*** INPUT MATERIAL Section Begins ***
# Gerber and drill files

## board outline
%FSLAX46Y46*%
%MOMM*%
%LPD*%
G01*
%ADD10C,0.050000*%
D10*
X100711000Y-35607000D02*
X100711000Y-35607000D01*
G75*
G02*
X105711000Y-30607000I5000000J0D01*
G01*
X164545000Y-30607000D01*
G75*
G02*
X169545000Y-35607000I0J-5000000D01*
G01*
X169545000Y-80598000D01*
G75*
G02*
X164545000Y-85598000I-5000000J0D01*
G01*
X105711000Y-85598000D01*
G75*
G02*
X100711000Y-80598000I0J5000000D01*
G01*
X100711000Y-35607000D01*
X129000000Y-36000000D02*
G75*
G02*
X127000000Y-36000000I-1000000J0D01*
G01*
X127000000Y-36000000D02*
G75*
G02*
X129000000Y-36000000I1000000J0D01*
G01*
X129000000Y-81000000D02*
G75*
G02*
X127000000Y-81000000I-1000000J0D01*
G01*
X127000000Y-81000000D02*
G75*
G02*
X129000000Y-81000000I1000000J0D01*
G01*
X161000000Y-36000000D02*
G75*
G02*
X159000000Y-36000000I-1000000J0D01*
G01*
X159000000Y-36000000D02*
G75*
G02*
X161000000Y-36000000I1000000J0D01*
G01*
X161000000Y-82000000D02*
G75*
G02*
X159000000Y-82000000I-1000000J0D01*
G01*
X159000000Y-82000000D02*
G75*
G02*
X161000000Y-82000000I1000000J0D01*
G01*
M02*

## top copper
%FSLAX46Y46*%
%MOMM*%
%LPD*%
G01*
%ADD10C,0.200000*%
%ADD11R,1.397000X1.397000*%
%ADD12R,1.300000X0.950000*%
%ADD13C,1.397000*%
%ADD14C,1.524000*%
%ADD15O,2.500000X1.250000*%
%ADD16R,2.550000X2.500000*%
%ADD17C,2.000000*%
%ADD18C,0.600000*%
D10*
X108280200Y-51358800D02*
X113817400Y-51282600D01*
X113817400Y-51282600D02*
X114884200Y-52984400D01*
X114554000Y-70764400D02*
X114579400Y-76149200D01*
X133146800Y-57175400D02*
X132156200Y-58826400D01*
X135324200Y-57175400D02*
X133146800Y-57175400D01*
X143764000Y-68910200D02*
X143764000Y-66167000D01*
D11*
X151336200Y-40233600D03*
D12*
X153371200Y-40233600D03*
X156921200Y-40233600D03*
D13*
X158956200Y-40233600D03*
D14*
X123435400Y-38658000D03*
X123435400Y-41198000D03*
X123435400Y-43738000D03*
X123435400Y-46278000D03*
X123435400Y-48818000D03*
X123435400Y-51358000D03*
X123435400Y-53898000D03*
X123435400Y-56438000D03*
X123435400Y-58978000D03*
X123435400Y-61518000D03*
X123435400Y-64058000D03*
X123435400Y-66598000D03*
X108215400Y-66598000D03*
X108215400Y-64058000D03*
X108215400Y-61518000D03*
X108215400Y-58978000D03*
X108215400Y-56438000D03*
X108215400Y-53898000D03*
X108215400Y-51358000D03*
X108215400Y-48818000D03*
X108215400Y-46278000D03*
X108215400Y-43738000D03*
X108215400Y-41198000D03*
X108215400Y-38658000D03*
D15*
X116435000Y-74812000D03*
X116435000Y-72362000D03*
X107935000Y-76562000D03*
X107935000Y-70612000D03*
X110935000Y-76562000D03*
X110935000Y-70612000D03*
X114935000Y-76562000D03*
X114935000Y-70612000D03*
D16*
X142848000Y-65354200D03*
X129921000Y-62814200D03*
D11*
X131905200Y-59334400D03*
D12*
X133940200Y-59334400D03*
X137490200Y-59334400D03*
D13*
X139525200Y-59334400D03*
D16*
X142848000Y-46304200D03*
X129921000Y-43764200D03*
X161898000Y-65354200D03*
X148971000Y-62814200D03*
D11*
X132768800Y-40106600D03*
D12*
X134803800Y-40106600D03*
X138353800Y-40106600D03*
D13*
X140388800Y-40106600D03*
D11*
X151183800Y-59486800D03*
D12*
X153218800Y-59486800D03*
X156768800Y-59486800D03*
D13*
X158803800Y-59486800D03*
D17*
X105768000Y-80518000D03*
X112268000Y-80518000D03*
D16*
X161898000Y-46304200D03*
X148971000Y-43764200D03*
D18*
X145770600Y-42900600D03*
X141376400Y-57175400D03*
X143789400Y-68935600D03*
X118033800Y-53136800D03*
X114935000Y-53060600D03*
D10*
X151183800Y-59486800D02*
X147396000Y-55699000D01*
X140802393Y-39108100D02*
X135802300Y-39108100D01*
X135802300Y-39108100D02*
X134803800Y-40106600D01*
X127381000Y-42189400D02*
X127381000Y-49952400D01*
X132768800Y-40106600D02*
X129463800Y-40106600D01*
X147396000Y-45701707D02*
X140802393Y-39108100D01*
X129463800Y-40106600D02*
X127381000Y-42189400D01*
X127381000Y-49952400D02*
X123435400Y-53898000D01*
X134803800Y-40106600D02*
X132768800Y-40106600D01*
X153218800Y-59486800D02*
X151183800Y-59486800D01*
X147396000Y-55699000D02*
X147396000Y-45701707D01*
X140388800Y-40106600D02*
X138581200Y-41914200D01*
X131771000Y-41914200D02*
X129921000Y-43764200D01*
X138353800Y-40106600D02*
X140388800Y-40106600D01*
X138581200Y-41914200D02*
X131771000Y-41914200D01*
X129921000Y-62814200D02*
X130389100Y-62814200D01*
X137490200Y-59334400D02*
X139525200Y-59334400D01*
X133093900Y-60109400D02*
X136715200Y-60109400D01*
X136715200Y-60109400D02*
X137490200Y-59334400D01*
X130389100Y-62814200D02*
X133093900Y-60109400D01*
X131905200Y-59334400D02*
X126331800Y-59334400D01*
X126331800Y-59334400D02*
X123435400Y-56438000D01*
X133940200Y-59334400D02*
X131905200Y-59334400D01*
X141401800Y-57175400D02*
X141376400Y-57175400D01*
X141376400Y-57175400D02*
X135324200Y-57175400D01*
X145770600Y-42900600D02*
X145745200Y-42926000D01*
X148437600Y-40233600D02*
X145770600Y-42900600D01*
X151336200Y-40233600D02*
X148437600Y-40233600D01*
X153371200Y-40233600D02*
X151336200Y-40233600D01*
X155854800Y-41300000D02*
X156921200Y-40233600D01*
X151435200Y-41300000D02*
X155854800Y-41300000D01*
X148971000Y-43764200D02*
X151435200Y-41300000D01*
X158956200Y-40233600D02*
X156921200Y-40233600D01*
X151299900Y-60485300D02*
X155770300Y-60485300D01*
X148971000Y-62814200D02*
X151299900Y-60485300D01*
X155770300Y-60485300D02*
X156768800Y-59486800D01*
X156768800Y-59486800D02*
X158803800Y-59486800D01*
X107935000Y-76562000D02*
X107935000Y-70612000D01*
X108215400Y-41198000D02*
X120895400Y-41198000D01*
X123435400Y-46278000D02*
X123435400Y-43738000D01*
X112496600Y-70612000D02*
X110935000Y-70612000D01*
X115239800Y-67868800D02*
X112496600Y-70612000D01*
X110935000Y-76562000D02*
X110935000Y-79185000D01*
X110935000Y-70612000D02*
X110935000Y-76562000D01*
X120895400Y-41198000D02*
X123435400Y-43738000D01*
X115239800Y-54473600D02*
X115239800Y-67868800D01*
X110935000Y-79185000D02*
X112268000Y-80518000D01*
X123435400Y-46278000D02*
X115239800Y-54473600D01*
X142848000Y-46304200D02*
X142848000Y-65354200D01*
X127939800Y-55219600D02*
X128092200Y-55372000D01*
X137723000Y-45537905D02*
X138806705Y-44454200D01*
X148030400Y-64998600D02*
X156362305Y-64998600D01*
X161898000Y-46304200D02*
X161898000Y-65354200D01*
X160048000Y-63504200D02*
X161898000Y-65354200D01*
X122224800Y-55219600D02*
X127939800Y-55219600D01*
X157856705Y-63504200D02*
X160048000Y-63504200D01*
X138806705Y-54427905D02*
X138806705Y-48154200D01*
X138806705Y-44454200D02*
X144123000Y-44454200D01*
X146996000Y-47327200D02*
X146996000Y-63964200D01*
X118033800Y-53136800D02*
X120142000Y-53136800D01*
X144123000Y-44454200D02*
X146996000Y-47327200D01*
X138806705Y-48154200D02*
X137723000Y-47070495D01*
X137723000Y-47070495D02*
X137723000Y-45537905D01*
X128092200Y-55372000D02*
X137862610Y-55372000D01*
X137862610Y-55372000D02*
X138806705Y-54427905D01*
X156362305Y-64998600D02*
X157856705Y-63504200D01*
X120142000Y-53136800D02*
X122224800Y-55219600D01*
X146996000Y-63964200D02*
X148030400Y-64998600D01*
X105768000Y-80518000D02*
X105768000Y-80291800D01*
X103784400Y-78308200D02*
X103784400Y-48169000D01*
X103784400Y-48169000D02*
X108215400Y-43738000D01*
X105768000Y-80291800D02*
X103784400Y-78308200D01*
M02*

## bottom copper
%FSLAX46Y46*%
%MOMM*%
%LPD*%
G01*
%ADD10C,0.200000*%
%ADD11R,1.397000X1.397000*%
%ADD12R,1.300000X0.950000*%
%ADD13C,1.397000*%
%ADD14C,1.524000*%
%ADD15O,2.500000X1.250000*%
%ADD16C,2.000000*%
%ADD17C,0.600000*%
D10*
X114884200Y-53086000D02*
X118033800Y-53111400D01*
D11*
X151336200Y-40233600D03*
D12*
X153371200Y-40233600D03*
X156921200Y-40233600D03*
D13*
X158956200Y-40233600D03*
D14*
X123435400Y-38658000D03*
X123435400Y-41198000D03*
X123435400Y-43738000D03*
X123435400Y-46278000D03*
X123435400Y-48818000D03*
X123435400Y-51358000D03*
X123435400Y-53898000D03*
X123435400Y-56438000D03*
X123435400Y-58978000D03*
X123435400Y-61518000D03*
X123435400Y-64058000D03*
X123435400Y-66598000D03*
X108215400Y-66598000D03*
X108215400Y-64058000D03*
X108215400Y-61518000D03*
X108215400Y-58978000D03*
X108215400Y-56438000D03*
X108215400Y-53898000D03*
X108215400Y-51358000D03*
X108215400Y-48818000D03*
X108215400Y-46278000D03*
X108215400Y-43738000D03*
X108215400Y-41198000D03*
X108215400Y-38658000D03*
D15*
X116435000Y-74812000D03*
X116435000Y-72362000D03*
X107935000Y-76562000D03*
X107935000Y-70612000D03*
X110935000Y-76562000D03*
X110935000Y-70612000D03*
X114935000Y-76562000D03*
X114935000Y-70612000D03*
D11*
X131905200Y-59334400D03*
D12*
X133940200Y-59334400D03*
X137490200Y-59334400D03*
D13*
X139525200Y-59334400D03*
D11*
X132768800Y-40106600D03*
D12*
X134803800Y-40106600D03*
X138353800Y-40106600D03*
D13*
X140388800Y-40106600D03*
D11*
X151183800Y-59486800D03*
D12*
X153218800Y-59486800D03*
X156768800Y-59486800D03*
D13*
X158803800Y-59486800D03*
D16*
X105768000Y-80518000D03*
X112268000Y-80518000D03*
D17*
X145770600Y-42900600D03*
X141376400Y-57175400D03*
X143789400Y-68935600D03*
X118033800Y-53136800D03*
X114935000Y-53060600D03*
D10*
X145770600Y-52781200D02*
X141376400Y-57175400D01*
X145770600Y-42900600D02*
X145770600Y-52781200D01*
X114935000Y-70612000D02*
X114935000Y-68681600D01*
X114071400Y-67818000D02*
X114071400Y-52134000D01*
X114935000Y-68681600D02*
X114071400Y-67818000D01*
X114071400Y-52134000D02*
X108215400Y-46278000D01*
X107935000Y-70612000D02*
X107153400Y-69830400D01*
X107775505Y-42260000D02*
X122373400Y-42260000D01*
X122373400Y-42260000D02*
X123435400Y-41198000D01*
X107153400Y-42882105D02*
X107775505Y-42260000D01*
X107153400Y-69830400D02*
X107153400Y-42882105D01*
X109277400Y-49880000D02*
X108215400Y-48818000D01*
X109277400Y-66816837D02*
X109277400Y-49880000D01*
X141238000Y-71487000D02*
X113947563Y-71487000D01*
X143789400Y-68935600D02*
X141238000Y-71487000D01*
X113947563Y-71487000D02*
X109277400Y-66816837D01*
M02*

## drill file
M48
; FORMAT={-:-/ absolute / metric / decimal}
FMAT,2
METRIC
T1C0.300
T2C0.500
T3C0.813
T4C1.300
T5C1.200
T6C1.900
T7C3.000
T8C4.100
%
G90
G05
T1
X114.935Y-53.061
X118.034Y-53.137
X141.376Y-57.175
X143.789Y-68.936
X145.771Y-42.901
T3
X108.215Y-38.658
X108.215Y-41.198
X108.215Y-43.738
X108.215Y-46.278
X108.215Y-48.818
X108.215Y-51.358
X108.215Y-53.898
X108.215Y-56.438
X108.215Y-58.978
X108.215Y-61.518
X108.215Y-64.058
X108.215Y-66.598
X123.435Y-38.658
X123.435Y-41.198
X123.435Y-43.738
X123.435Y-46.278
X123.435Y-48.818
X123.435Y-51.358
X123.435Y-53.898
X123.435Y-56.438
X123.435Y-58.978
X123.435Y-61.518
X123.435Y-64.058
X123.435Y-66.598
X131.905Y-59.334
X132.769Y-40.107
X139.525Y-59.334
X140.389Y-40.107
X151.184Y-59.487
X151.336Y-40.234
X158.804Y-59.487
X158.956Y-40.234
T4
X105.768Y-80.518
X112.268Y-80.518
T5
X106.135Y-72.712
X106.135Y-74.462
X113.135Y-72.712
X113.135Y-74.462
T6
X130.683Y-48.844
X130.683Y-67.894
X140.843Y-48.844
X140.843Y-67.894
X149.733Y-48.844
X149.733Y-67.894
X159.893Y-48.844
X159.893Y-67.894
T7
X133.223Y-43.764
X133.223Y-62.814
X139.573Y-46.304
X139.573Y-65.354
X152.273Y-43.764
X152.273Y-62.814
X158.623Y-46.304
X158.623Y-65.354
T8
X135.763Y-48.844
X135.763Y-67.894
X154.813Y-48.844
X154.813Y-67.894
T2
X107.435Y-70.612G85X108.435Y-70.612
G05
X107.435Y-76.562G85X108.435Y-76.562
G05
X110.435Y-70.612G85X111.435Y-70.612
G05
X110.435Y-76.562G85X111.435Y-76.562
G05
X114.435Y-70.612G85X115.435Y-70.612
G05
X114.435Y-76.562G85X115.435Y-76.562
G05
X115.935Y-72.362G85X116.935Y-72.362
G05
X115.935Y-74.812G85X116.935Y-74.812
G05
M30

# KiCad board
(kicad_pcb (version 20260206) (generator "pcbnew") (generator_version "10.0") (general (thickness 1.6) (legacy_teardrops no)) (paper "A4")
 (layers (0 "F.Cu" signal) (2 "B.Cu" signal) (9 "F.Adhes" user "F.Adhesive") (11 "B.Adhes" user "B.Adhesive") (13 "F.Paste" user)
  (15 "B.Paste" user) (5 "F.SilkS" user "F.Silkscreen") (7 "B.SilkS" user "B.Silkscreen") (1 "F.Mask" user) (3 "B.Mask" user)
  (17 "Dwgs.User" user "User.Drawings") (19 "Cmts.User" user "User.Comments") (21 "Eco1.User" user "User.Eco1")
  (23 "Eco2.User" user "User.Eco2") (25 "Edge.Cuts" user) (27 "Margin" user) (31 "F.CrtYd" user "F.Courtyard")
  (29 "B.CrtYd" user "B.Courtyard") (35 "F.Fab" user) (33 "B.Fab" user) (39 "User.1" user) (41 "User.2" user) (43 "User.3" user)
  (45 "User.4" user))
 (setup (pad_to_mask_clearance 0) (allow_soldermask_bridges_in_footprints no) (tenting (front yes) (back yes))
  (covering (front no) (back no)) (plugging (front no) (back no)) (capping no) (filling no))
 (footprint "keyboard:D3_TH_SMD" (layer "F.Cu") (at 155.1462 40.2336)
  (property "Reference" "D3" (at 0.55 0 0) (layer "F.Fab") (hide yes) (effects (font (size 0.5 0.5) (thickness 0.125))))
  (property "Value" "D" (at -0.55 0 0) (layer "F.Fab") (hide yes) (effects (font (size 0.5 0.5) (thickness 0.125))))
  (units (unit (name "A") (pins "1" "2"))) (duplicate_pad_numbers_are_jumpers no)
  (pad "1" thru_hole rect (at -3.81 0) (size 1.397 1.397) (drill 0.8128) (layers "*.Cu" "*.Mask" "F.SilkS") (remove_unused_layers no)
   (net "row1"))
  (pad "1" smd rect (at -1.775 0) (size 1.3 0.95) (layers "F.Cu" "F.Mask" "F.Paste") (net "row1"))
  (pad "1" smd rect (at -1.775 0) (size 1.3 0.95) (layers "B.Cu" "B.Mask" "B.Paste") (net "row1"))
  (pad "2" smd rect (at 1.775 0) (size 1.3 0.95) (layers "F.Cu" "F.Mask" "F.Paste") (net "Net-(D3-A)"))
  (pad "2" smd rect (at 1.775 0) (size 1.3 0.95) (layers "B.Cu" "B.Mask" "B.Paste") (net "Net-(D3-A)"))
  (pad "2" thru_hole circle (at 3.81 0) (size 1.397 1.397) (drill 0.8128) (layers "*.Cu" "*.Mask" "F.SilkS") (remove_unused_layers no)
   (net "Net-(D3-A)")))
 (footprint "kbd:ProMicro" (layer "F.Cu") (at 115.824 53.136)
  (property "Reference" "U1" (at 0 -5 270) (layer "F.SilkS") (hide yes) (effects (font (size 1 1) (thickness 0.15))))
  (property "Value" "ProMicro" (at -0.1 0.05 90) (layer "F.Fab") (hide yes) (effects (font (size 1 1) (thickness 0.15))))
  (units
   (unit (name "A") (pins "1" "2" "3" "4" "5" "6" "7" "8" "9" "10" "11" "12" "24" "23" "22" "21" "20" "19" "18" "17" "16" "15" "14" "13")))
*** INPUT MATERIAL Section Ends ***
WHAT TO DO.
From the records above, copy every line that holds the word "Reference".

YOUR SOLUTION.
  (property "Reference" "D3" (at 0.55 0 0) (layer "F.Fab") (hide yes) (effects (font (size 0.5 0.5) (thickness 0.125))))
  (property "Reference" "U1" (at 0 -5 270) (layer "F.SilkS") (hide yes) (effects (font (size 1 1) (thickness 0.15))))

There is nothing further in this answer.